_TASK OBJECTIVE_. Set out exactly every line of the entries below, starting at the line that holds "X122000000Y-127000000D01*" and stopping after the line that holds "X126.0Y-112.5".

··· DATA ···

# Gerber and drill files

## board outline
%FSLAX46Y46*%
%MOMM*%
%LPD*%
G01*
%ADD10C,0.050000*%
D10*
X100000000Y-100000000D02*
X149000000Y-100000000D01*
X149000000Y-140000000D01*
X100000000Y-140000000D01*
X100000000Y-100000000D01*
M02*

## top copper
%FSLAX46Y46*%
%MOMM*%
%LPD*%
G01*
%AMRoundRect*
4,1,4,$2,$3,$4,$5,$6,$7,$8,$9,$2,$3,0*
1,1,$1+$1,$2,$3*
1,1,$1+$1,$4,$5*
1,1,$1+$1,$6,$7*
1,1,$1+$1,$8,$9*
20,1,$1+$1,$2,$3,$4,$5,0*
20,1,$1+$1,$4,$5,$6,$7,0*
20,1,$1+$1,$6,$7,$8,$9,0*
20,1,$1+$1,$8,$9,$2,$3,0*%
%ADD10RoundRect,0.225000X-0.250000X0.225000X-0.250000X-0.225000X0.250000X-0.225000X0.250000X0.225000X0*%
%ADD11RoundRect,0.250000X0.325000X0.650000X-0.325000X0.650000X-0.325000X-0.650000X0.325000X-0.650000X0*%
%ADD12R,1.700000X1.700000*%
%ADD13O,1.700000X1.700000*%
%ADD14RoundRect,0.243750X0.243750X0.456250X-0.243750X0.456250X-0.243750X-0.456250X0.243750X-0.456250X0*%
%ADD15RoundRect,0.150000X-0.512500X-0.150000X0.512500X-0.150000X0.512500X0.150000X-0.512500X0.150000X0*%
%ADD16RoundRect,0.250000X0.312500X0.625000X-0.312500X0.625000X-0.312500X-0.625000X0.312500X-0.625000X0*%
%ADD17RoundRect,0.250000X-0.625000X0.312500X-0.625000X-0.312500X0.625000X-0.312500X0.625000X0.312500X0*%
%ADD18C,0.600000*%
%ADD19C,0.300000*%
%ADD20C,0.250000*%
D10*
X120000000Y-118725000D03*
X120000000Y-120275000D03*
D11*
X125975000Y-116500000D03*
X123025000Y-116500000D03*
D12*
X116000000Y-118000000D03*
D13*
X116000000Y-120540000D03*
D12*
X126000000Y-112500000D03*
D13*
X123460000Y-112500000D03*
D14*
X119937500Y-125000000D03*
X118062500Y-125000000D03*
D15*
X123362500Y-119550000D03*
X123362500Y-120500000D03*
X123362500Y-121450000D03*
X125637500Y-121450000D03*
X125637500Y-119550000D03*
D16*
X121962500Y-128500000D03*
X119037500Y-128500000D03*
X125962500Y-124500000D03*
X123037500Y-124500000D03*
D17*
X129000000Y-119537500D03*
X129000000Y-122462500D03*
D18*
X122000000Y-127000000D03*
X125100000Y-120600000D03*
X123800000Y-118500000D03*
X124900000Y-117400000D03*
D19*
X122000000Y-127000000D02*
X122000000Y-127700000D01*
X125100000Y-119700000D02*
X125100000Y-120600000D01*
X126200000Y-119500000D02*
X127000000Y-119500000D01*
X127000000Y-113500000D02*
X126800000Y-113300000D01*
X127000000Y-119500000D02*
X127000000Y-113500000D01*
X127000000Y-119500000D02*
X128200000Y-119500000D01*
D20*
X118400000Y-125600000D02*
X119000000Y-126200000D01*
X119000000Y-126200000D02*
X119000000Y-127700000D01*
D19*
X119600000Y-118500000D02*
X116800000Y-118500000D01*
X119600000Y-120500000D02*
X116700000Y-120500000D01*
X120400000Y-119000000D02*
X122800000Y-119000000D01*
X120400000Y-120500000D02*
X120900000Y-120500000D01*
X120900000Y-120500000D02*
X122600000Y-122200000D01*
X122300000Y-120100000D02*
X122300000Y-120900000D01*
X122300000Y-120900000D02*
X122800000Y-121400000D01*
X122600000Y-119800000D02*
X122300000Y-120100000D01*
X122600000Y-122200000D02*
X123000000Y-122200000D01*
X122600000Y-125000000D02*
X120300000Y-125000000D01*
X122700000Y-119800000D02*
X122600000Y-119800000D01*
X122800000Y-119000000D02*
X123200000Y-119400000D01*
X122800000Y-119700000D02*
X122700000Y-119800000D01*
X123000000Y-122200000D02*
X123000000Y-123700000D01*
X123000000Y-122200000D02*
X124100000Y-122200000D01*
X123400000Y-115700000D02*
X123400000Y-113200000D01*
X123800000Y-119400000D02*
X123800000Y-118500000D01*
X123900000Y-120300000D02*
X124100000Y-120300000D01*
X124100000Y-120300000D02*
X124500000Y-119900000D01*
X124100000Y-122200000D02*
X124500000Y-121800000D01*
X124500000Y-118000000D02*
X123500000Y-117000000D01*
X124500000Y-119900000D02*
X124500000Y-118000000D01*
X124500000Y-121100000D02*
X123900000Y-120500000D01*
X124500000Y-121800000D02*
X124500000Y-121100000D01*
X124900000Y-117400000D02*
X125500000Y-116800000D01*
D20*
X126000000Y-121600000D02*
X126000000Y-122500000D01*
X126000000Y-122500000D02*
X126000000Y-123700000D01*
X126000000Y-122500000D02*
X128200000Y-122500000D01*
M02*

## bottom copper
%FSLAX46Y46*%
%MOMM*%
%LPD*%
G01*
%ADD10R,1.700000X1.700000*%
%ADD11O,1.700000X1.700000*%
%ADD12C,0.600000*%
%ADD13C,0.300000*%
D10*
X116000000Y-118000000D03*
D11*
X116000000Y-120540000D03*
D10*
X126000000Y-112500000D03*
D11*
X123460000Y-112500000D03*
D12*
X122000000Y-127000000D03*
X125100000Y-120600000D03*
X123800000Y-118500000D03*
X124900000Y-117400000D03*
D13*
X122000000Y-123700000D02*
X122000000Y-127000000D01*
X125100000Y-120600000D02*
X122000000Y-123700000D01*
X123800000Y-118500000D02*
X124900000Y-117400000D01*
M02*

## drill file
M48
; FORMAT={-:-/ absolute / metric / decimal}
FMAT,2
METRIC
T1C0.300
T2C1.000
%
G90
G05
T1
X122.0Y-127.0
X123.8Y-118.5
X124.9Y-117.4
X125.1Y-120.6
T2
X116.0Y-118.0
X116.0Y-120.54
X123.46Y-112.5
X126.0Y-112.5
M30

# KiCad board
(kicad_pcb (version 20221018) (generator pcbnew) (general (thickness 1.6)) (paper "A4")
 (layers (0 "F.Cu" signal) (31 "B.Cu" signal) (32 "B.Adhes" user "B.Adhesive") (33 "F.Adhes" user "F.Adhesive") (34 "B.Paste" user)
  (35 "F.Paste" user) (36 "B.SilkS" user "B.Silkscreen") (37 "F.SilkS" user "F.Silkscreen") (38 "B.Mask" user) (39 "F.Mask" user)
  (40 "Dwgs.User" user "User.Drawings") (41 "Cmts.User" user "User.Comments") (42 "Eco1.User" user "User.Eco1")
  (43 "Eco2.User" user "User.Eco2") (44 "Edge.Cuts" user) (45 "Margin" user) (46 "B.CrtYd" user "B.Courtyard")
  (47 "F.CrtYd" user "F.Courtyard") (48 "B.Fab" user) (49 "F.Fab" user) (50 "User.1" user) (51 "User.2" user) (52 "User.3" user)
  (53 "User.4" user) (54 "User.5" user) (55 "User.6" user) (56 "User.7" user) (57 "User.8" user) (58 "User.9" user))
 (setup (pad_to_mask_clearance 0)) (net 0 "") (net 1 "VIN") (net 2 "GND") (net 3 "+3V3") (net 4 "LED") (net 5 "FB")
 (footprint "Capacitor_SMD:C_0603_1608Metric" (layer "F.Cu") (at 120 119.5 -90)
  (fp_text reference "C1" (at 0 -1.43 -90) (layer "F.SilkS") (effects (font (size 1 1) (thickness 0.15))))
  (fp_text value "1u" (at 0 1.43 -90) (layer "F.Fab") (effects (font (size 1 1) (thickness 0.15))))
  (pad "1" smd roundrect (at -0.775 0 270) (size 0.9 0.95) (layers "F.Cu" "F.Paste" "F.Mask") (roundrect_rratio 0.25) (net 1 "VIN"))
  (pad "2" smd roundrect (at 0.775 0 270) (size 0.9 0.95) (layers "F.Cu" "F.Paste" "F.Mask") (roundrect_rratio 0.25) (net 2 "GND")))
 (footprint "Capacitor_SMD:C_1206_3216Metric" (layer "F.Cu") (at 124.5 116.5 180)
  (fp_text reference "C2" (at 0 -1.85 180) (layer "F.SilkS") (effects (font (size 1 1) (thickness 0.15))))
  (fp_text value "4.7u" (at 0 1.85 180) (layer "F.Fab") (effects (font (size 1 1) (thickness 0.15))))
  (pad "1" smd roundrect (at -1.475 0 180) (size 1.15 1.8) (layers "F.Cu" "F.Paste" "F.Mask") (roundrect_rratio 0.217391) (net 1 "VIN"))
  (pad "2" smd roundrect (at 1.475 0 180) (size 1.15 1.8) (layers "F.Cu" "F.Paste" "F.Mask") (roundrect_rratio 0.217391) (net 2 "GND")))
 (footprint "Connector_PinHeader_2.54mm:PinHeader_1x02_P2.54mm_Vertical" (layer "F.Cu") (at 116 118)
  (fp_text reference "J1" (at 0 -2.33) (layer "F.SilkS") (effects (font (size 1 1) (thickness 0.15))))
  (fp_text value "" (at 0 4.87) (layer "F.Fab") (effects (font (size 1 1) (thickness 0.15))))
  (pad "1" thru_hole rect (at 0 0) (size 1.7 1.7) (drill 1) (layers "*.Cu" "*.Mask") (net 1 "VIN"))
  (pad "2" thru_hole oval (at 0 2.54) (size 1.7 1.7) (drill 1) (layers "*.Cu" "*.Mask") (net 2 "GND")))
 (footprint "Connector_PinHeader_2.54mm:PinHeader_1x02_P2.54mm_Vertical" (layer "F.Cu") (at 126 112.5 -90)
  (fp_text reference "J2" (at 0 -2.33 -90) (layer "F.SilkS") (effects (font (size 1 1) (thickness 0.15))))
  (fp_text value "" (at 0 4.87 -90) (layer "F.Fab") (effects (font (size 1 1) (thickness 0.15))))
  (pad "1" thru_hole rect (at 0 0 270) (size 1.7 1.7) (drill 1) (layers "*.Cu" "*.Mask") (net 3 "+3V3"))
  (pad "2" thru_hole oval (at 0 2.54 270) (size 1.7 1.7) (drill 1) (layers "*.Cu" "*.Mask") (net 2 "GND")))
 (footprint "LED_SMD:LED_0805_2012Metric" (layer "F.Cu") (at 119 125 180)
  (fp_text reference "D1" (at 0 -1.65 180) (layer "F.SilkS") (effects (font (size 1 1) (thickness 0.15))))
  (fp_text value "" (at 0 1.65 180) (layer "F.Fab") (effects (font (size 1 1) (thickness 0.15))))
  (pad "1" smd roundrect (at -0.9375 0 180) (size 0.975 1.4) (layers "F.Cu" "F.Paste" "F.Mask") (roundrect_rratio 0.25) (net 2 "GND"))
  (pad "2" smd roundrect (at 0.9375 0 180) (size 0.975 1.4) (layers "F.Cu" "F.Paste" "F.Mask") (roundrect_rratio 0.25) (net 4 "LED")))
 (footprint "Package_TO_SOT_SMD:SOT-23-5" (layer "F.Cu") (at 124.5 120.5)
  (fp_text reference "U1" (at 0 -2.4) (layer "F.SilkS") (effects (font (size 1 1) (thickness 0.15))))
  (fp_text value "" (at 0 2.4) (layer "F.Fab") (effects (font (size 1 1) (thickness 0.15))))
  (pad "1" smd roundrect (at -1.1375 -0.95) (size 1.325 0.6) (layers "F.Cu" "F.Paste" "F.Mask") (roundrect_rratio 0.25) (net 1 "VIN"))
  (pad "2" smd roundrect (at -1.1375 0) (size 1.325 0.6) (layers "F.Cu" "F.Paste" "F.Mask") (roundrect_rratio 0.25) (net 2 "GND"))
  (pad "3" smd roundrect (at -1.1375 0.95) (size 1.325 0.6) (layers "F.Cu" "F.Paste" "F.Mask") (roundrect_rratio 0.25) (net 1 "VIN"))
  (pad "4" smd roundrect (at 1.1375 0.95) (size 1.325 0.6) (layers "F.Cu" "F.Paste" "F.Mask") (roundrect_rratio 0.25) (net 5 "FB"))
  (pad "5" smd roundrect (at 1.1375 -0.95) (size 1.325 0.6) (layers "F.Cu" "F.Paste" "F.Mask") (roundrect_rratio 0.25) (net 3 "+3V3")))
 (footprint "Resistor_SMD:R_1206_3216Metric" (layer "F.Cu") (at 120.5 128.5 180)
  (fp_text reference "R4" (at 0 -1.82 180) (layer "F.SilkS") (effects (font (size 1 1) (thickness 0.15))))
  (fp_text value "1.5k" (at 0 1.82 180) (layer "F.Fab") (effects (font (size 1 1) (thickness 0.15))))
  (pad "1" smd roundrect (at -1.4625 0 180) (size 1.125 1.75) (layers "F.Cu" "F.Paste" "F.Mask") (roundrect_rratio 0.222222) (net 3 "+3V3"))
  (pad "2" smd roundrect (at 1.4625 0 180) (size 1.125 1.75) (layers "F.Cu" "F.Paste" "F.Mask") (roundrect_rratio 0.222222) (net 4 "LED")))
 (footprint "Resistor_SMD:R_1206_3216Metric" (layer "F.Cu") (at 124.5 124.5 180)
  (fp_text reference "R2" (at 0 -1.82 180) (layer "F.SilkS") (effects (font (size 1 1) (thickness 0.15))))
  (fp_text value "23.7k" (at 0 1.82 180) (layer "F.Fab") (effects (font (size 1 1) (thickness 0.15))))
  (pad "1" smd roundrect (at -1.4625 0 180) (size 1.125 1.75) (layers "F.Cu" "F.Paste" "F.Mask") (roundrect_rratio 0.222222) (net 5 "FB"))
  (pad "2" smd roundrect (at 1.4625 0 180) (size 1.125 1.75) (layers "F.Cu" "F.Paste" "F.Mask") (roundrect_rratio 0.222222) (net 2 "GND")))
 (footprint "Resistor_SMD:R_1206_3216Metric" (layer "F.Cu") (at 129 121 -90)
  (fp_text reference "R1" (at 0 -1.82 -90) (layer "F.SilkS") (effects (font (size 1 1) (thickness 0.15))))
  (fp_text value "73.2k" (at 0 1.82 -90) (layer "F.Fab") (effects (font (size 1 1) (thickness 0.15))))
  (pad "1" smd roundrect (at -1.4625 0 270) (size 1.125 1.75) (layers "F.Cu" "F.Paste" "F.Mask") (roundrect_rratio 0.222222) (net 3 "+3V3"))
  (pad "2" smd roundrect (at 1.4625 0 270) (size 1.125 1.75) (layers "F.Cu" "F.Paste" "F.Mask") (roundrect_rratio 0.222222) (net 5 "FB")))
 (gr_rect (start 100 100) (end 149 140) (stroke (width 0.05) (type default)) (fill none) (layer "Edge.Cuts"))
 (segment (start 122 127) (end 122 127.7) (width 0.3) (layer "F.Cu") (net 3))
 (segment (start 125.1 119.7) (end 125.1 120.6) (width 0.3) (layer "F.Cu") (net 3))
 (segment (start 126.2 119.5) (end 127 119.5) (width 0.3) (layer "F.Cu") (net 3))
 (segment (start 127 113.5) (end 126.8 113.3) (width 0.3) (layer "F.Cu") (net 3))
 (segment (start 127 119.5) (end 127 113.5) (width 0.3) (layer "F.Cu") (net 3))
 (segment (start 127 119.5) (end 128.2 119.5) (width 0.3) (layer "F.Cu") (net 3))
 (via (at 122 127) (size 0.6) (drill 0.3) (layers "F.Cu" "B.Cu") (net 3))
 (via (at 125.1 120.6) (size 0.6) (drill 0.3) (layers "F.Cu" "B.Cu") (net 3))
 (segment (start 118.4 125.6) (end 119 126.2) (width 0.25) (layer "F.Cu") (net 4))
 (segment (start 119 126.2) (end 119 127.7) (width 0.25) (layer "F.Cu") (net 4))
 (segment (start 119.6 118.5) (end 116.8 118.5) (width 0.3) (layer "F.Cu") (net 1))
 (segment (start 119.6 120.5) (end 116.7 120.5) (width 0.3) (layer "F.Cu") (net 2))
 (segment (start 120.4 119) (end 122.8 119) (width 0.3) (layer "F.Cu") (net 1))
 (segment (start 120.4 120.5) (end 120.9 120.5) (width 0.3) (layer "F.Cu") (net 2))
 (segment (start 120.9 120.5) (end 122.6 122.2) (width 0.3) (layer "F.Cu") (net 2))
 (segment (start 122 123.7) (end 122 127) (width 0.3) (layer "B.Cu") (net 3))
 (segment (start 122.3 120.1) (end 122.3 120.9) (width 0.3) (layer "F.Cu") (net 1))
 (segment (start 122.3 120.9) (end 122.8 121.4) (width 0.3) (layer "F.Cu") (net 1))
 (segment (start 122.6 119.8) (end 122.3 120.1) (width 0.3) (layer "F.Cu") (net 1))
 (segment (start 122.6 122.2) (end 123 122.2) (width 0.3) (layer "F.Cu") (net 2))
 (segment (start 122.6 125) (end 120.3 125) (width 0.3) (layer "F.Cu") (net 2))
 (segment (start 122.7 119.8) (end 122.6 119.8) (width 0.3) (layer "F.Cu") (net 1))
 (segment (start 122.8 119) (end 123.2 119.4) (width 0.3) (layer "F.Cu") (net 1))
 (segment (start 122.8 119.7) (end 122.7 119.8) (width 0.3) (layer "F.Cu") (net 1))
 (segment (start 123 122.2) (end 123 123.7) (width 0.3) (layer "F.Cu") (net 2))
 (segment (start 123 122.2) (end 124.1 122.2) (width 0.3) (layer "F.Cu") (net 2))
 (segment (start 123.4 115.7) (end 123.4 113.2) (width 0.3) (layer "F.Cu") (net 2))
 (segment (start 123.8 119.4) (end 123.8 118.5) (width 0.3) (layer "F.Cu") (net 1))
 (segment (start 123.9 120.3) (end 124.1 120.3) (width 0.3) (layer "F.Cu") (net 2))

···

_WORKED SOLUTION_.
X122000000Y-127000000D01*
X125100000Y-120600000D02*
X122000000Y-123700000D01*
X123800000Y-118500000D02*
X124900000Y-117400000D01*
M02*

## drill file
M48
; FORMAT={-:-/ absolute / metric / decimal}
FMAT,2
METRIC
T1C0.300
T2C1.000
%
G90
G05
T1
X122.0Y-127.0
X123.8Y-118.5
X124.9Y-117.4
X125.1Y-120.6
T2
X116.0Y-118.0
X116.0Y-120.54
X123.46Y-112.5
X126.0Y-112.5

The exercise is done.